GOAL OF THE EXERCISE —
Only one thing is required: the number of lines in the entries below that contain "LData".

Stored items —
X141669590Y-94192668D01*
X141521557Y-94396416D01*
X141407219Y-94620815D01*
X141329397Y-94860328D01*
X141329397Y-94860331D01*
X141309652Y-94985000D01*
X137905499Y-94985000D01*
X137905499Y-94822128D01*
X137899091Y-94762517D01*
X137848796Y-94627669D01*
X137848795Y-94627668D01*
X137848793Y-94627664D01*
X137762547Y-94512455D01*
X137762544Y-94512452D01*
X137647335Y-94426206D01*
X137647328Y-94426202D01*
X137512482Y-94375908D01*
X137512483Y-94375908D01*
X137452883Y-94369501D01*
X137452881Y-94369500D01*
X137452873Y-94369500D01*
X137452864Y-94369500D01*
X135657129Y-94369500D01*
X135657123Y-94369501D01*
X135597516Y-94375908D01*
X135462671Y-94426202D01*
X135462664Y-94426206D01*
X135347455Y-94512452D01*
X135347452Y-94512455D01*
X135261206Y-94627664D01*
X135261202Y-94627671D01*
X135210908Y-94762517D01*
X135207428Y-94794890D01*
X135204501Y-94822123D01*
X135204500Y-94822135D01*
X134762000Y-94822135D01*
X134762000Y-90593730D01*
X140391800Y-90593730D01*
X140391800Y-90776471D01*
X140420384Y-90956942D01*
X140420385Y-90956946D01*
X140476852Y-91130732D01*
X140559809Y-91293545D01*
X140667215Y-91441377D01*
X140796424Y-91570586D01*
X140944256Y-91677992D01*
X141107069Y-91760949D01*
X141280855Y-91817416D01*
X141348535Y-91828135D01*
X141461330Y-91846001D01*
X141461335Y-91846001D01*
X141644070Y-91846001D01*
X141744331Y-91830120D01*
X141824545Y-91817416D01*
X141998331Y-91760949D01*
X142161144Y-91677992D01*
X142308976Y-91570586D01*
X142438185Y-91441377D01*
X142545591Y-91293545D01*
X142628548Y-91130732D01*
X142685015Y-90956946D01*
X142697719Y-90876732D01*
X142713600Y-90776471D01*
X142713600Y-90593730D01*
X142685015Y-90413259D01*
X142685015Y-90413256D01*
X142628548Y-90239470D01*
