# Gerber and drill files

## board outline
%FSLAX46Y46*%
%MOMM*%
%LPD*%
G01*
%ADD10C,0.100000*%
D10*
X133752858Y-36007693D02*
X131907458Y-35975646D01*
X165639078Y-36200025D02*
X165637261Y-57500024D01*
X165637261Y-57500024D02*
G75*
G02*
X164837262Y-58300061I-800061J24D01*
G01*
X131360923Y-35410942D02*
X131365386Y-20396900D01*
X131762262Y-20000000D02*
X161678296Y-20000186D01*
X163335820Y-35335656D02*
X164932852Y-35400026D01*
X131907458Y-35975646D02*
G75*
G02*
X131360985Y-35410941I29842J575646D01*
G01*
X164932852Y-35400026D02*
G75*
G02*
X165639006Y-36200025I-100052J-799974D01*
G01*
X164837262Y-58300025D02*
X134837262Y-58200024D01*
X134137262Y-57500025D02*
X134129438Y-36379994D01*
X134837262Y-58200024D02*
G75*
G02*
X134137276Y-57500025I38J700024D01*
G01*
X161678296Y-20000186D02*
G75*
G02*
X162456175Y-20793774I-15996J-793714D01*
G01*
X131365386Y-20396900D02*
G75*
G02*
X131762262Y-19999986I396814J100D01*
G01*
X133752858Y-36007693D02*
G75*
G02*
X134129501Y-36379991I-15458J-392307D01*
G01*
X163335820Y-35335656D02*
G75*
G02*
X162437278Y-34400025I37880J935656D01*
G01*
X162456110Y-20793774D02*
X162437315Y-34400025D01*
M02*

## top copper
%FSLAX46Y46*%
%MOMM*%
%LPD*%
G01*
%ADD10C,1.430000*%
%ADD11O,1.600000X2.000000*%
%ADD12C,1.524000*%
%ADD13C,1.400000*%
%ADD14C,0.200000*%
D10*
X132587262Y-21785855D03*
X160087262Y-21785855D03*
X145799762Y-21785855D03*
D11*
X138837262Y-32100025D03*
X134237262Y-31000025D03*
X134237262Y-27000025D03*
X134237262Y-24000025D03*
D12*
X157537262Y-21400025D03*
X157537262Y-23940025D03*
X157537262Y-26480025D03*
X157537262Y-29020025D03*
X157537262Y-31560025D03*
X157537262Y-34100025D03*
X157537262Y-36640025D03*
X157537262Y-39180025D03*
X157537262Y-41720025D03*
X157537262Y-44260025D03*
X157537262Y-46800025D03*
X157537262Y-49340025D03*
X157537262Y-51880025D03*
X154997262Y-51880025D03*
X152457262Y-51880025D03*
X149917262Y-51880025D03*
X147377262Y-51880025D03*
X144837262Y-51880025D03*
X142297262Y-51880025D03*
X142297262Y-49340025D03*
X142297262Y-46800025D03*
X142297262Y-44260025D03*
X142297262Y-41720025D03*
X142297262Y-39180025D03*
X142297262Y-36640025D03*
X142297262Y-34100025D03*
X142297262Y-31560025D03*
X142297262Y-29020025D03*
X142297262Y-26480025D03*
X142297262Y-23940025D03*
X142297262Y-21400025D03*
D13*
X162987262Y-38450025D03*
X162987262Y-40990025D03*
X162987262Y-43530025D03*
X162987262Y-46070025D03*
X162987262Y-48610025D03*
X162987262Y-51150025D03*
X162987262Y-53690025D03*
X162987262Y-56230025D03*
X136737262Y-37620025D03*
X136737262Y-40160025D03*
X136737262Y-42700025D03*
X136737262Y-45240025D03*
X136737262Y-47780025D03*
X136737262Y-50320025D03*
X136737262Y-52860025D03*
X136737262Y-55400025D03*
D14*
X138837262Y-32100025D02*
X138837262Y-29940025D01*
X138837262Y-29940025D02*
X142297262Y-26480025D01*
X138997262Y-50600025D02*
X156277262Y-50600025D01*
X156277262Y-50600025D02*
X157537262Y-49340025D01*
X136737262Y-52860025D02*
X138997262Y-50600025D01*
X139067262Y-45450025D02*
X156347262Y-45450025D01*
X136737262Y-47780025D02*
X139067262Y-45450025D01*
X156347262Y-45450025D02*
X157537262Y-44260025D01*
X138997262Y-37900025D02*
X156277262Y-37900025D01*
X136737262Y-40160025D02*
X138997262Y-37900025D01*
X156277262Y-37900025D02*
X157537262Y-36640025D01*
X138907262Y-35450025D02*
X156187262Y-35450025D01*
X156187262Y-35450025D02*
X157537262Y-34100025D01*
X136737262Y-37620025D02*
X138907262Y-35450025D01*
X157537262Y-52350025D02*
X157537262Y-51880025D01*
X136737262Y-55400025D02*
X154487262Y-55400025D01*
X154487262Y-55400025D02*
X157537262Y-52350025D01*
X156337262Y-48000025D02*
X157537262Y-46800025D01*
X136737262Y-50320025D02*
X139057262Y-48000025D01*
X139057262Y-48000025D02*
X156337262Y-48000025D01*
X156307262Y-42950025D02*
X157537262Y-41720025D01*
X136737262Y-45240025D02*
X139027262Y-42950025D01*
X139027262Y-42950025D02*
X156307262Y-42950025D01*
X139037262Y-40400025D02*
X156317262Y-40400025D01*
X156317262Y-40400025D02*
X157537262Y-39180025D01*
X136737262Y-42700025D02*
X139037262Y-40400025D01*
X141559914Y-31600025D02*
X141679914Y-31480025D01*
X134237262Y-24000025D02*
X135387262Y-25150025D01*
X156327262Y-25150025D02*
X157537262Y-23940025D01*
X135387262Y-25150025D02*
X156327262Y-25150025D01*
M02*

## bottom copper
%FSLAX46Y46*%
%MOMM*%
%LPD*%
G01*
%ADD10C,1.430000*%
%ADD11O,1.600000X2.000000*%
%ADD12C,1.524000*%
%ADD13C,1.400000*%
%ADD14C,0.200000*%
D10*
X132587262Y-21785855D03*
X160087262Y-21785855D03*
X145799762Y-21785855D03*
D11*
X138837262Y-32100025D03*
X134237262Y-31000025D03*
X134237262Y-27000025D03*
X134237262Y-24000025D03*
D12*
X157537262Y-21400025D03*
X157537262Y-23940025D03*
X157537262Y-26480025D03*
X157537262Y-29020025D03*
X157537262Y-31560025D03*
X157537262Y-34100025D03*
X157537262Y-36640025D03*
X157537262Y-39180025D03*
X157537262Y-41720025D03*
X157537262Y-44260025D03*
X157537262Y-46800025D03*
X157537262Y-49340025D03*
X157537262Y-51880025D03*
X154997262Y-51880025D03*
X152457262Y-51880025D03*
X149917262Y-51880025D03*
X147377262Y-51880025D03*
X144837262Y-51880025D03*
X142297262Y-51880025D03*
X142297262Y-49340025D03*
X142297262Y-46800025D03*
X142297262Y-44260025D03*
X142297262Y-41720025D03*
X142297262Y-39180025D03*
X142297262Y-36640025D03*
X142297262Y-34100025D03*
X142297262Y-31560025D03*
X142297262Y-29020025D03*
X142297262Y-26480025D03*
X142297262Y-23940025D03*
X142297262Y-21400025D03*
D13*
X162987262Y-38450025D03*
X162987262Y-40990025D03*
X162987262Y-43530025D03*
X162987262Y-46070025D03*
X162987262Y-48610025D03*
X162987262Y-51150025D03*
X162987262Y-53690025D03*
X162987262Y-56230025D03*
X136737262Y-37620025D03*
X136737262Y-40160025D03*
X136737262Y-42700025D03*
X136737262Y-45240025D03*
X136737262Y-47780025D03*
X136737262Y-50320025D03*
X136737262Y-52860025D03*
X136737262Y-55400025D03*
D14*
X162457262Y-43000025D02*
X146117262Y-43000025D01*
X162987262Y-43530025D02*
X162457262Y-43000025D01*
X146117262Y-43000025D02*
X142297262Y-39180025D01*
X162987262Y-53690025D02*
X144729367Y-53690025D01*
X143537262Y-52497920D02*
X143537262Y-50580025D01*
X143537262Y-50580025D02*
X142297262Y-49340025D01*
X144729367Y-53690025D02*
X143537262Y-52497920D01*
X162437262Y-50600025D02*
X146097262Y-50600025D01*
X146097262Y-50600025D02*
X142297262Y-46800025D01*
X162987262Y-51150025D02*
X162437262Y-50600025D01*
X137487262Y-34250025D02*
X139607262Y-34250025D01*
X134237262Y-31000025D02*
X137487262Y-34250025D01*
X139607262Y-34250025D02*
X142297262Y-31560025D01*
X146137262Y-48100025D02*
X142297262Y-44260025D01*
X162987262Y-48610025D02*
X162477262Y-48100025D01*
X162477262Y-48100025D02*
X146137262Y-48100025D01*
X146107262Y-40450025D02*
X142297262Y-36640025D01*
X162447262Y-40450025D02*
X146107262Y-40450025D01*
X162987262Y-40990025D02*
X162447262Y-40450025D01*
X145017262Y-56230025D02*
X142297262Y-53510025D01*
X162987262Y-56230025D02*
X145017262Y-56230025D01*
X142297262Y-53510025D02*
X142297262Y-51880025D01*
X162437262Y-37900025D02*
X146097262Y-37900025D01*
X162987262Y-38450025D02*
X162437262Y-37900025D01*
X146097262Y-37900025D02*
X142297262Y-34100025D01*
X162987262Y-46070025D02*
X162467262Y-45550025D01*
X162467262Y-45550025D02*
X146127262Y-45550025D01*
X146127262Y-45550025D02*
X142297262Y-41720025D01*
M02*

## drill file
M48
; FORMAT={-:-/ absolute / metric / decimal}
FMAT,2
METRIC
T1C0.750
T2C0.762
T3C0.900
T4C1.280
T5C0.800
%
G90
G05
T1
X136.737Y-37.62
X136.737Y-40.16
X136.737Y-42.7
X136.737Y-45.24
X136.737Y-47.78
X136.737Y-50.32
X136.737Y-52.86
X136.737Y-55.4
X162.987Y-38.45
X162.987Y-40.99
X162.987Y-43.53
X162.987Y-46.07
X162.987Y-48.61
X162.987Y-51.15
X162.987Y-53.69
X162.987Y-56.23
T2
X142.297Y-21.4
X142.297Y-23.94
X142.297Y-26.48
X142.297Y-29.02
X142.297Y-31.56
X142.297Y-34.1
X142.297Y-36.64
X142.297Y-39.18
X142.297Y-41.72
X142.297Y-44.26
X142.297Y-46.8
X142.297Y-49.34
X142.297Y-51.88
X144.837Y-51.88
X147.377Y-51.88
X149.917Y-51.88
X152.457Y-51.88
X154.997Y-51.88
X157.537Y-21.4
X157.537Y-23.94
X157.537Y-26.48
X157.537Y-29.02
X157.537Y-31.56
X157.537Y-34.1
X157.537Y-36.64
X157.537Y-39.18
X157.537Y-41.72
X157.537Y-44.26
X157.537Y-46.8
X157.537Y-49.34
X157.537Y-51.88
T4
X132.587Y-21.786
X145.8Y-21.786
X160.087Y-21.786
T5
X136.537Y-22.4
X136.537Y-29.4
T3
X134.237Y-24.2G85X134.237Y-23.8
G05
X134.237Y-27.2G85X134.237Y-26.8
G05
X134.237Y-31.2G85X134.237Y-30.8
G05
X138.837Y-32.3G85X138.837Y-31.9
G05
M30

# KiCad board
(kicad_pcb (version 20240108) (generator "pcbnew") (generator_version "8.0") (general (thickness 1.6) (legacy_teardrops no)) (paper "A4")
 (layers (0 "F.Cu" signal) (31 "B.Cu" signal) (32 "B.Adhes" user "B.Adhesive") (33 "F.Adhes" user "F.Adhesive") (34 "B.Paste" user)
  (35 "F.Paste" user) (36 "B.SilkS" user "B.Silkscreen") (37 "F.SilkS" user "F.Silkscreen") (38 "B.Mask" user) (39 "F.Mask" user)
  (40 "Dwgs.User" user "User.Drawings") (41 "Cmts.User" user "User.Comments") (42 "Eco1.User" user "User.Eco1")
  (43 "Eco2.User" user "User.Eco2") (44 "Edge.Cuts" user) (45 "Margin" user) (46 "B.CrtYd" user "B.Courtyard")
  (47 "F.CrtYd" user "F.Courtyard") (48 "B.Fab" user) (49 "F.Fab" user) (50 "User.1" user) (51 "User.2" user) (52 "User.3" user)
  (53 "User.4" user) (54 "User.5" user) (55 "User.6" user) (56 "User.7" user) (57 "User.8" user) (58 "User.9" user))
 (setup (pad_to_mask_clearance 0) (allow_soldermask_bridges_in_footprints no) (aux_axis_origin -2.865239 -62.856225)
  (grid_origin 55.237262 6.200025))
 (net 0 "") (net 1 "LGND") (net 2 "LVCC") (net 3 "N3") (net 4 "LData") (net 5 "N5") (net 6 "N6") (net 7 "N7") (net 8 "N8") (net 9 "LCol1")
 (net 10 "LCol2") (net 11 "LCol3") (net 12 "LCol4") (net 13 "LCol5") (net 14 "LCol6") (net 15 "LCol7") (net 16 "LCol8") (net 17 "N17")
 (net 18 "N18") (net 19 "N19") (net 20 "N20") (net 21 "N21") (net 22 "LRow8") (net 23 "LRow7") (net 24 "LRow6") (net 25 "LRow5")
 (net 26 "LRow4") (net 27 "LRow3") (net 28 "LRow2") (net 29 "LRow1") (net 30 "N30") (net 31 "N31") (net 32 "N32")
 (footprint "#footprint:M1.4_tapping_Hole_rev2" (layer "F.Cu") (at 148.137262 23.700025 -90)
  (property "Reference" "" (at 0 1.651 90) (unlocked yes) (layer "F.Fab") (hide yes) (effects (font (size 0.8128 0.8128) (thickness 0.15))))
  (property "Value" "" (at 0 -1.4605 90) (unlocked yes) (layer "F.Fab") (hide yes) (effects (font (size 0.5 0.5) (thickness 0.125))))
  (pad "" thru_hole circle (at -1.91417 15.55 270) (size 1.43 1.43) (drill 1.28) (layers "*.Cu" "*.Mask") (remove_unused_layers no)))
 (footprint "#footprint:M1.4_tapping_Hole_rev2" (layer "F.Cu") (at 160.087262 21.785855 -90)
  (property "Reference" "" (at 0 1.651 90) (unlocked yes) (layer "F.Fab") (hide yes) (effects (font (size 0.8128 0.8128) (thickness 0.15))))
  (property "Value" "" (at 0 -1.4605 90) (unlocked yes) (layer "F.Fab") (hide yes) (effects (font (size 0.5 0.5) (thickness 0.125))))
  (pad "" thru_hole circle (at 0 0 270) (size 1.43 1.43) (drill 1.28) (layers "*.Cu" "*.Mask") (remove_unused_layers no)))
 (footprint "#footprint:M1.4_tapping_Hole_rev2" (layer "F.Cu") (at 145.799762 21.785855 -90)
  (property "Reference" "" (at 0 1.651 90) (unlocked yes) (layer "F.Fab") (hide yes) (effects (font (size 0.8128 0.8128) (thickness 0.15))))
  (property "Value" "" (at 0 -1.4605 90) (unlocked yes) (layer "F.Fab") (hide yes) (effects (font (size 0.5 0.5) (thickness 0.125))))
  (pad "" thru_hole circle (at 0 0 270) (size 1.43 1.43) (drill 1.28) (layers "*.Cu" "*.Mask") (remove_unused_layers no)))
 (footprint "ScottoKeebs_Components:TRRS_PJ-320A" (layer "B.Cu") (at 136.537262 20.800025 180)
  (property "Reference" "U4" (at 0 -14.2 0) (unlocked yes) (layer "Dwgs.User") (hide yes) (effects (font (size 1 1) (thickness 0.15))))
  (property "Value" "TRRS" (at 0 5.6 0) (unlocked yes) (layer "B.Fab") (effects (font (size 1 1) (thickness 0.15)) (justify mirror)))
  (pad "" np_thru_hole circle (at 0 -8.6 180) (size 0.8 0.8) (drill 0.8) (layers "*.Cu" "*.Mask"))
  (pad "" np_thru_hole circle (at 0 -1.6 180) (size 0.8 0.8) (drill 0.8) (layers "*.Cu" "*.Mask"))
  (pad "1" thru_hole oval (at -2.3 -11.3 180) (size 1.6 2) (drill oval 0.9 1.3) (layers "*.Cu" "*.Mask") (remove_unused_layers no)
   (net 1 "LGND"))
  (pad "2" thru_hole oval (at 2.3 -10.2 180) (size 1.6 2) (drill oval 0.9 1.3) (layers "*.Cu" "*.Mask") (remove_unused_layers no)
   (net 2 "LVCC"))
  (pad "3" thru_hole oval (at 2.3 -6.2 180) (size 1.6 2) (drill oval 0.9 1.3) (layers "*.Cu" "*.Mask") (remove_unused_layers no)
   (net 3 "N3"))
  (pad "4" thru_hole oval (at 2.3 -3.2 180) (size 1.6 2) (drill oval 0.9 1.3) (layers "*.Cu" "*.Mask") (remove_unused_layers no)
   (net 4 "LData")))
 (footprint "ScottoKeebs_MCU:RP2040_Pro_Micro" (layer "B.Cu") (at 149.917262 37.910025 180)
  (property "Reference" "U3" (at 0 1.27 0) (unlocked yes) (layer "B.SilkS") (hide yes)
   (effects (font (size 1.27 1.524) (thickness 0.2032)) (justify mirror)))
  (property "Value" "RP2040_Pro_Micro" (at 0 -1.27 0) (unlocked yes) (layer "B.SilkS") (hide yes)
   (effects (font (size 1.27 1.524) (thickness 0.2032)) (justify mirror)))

YOUR RESPONSE —
2